Yes, quite normal reaction. I regularly have these concerns, when I look at a code area that I had not touched for some months. I walk through the design and the JMM again and finally find good sleep. So far we had no corruption in production, even for releases marked as experimental.

cruftex on 30 May 2015

I know adding to an unfamiliar code base is confusing, so I made an addition that I'll send you a pull request to review. Stepping through I see where some of my initial concerns regarding races are addressed for the LruCache.

On my laptop I get the following results, which matches the Desktop-class benchmarks section.

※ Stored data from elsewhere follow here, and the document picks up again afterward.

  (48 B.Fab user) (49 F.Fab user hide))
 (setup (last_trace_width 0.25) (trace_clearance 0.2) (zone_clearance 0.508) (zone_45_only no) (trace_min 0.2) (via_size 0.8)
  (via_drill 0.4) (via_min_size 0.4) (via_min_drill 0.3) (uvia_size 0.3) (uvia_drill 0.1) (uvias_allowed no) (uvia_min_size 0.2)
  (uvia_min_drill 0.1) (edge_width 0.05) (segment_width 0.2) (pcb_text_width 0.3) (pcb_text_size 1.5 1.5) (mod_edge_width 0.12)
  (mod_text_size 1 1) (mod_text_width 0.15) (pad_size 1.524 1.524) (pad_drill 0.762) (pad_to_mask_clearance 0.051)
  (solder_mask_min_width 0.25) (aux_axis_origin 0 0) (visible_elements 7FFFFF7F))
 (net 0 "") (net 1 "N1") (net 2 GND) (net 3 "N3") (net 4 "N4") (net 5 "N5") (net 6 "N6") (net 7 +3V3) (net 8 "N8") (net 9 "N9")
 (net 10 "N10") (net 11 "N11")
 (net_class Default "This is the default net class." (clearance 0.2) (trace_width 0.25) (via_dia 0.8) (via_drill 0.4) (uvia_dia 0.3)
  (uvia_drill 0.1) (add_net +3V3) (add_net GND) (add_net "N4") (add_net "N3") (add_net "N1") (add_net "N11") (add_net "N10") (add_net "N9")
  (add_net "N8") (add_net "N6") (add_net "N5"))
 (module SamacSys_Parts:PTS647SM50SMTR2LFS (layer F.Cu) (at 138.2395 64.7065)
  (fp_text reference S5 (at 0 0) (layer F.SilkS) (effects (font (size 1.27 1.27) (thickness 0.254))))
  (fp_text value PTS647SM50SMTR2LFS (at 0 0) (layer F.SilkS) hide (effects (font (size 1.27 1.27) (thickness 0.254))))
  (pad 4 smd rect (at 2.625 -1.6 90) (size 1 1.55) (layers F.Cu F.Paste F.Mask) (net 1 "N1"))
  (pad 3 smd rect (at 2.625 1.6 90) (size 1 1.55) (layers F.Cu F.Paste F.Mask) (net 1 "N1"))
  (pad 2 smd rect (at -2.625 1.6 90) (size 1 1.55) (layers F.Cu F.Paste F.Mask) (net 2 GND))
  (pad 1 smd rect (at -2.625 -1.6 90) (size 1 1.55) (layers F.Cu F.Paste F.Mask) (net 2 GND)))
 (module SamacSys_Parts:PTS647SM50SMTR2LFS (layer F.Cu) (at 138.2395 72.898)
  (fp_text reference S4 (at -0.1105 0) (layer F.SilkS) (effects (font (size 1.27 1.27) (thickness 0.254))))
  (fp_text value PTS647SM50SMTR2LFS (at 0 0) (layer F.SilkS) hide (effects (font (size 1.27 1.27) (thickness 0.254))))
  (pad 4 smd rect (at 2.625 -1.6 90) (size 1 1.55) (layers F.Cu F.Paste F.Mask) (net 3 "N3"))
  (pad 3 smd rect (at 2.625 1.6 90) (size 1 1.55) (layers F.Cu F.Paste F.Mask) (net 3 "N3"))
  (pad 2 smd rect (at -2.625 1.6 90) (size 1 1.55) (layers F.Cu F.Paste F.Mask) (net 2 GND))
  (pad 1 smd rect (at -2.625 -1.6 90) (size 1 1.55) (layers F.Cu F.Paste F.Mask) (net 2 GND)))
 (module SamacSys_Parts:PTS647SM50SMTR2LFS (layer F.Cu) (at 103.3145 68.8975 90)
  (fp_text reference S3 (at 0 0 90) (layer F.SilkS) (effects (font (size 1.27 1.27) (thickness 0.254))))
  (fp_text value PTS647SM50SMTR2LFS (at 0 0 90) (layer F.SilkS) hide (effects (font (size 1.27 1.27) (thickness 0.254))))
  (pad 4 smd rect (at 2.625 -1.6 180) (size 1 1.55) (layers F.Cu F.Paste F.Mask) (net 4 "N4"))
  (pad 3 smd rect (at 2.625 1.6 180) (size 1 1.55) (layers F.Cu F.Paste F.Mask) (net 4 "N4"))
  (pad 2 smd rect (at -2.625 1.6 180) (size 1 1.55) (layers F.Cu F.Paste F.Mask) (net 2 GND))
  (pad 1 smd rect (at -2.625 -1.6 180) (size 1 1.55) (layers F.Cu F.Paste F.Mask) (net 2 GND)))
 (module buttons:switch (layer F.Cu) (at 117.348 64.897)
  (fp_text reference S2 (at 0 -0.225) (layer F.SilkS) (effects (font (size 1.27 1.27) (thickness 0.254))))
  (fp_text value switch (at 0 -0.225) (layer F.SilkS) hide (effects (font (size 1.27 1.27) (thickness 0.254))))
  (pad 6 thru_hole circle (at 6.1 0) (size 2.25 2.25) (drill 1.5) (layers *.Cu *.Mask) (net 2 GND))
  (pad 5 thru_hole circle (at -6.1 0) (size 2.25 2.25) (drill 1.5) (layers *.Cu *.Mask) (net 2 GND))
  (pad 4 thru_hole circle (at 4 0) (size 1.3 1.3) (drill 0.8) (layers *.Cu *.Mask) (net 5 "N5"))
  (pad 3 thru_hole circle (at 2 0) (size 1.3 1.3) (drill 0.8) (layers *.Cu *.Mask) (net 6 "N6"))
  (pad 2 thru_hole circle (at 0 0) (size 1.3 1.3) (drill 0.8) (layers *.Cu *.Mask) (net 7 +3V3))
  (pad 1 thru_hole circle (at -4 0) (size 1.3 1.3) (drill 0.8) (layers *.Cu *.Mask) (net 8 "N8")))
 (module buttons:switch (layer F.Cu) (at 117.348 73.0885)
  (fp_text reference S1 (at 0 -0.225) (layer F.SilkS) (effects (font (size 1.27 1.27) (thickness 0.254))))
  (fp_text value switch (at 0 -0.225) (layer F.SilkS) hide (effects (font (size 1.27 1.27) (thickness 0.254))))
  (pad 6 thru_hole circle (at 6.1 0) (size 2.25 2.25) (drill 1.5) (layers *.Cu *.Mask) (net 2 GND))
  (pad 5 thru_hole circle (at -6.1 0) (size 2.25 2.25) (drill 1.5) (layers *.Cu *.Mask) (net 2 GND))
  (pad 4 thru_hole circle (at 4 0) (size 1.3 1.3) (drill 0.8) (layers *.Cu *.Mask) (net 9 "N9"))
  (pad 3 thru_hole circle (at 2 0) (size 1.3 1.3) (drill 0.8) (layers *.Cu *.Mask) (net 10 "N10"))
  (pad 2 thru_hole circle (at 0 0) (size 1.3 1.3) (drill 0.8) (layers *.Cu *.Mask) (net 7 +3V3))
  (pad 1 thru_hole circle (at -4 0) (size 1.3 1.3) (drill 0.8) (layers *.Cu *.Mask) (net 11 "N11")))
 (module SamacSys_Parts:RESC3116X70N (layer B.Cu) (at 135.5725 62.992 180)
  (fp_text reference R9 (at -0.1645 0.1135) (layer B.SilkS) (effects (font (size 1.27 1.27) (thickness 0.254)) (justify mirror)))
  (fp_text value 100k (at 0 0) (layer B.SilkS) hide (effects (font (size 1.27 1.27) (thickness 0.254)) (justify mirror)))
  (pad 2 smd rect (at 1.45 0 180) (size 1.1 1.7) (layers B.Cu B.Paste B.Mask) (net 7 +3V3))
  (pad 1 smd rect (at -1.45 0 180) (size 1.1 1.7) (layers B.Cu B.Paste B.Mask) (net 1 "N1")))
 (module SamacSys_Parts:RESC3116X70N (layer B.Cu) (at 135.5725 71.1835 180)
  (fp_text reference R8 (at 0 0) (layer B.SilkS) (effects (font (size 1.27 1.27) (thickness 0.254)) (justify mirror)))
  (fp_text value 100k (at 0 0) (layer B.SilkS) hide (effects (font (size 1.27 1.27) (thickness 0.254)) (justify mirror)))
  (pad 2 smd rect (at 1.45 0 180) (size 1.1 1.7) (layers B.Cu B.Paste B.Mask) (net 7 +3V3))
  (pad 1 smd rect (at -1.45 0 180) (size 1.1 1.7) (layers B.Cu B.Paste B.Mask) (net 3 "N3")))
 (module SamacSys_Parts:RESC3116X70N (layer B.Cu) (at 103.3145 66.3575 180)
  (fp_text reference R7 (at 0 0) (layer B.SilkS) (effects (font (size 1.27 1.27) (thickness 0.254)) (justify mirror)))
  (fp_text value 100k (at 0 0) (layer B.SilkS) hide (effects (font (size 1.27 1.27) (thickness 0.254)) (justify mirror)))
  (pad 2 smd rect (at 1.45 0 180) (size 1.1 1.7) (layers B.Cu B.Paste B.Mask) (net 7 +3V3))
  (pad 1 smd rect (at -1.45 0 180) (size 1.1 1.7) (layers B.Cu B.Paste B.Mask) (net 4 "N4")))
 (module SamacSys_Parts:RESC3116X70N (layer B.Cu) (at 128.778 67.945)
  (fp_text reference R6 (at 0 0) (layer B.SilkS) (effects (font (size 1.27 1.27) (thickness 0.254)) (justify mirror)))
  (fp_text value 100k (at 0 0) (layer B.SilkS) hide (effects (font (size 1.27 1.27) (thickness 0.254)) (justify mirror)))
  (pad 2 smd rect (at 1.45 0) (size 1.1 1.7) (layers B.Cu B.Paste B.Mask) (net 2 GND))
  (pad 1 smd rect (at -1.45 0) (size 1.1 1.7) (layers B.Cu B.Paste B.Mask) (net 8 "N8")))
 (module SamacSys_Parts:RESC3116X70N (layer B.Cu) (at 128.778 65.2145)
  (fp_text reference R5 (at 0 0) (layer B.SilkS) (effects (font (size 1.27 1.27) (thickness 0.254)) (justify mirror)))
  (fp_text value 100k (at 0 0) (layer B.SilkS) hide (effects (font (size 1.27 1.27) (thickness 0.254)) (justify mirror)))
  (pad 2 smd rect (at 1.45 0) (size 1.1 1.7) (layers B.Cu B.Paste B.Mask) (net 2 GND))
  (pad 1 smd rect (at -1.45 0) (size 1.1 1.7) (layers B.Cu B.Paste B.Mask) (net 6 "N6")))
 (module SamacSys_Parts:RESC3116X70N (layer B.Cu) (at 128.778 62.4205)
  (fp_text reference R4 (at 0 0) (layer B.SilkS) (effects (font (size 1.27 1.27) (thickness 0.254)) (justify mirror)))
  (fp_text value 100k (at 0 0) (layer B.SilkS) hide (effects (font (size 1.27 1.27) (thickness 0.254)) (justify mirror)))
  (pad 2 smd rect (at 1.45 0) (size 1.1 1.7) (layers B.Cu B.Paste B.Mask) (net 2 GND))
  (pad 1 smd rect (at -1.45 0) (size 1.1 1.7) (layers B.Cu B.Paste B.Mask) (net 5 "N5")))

| Benchmark | ops/s (8 threads) |
| :-: | :-: |
| Read (100%) | 8,864,382 |
| Read (75%) / Write (25%) | 8,064,139 |
| Write (100%) | 2,489,101 |

The performance matches what I'd expect from top-level lock, which appears to be how the LRU is implemented. I haven't looked at why writes are slower, since they should take the same amount of time. This may be due to synchronization or degradation in the custom hash table.

ben-manes on 31 May 2015

A quick and dirty hack to Guava resulted in up to 25x read performance gain at the default concurrency level (4).

Because we are no longer thrashing on readCounter, the compute performance increases substantially as well. Here we use 32 threads with Guava at the default concurrency level.

I don't know why I even bother anymore...

ben-manes on 31 May 2015

👍4

I'm going to try to find time to take a crack at this, though I'm not 100% confident when I'll be able to.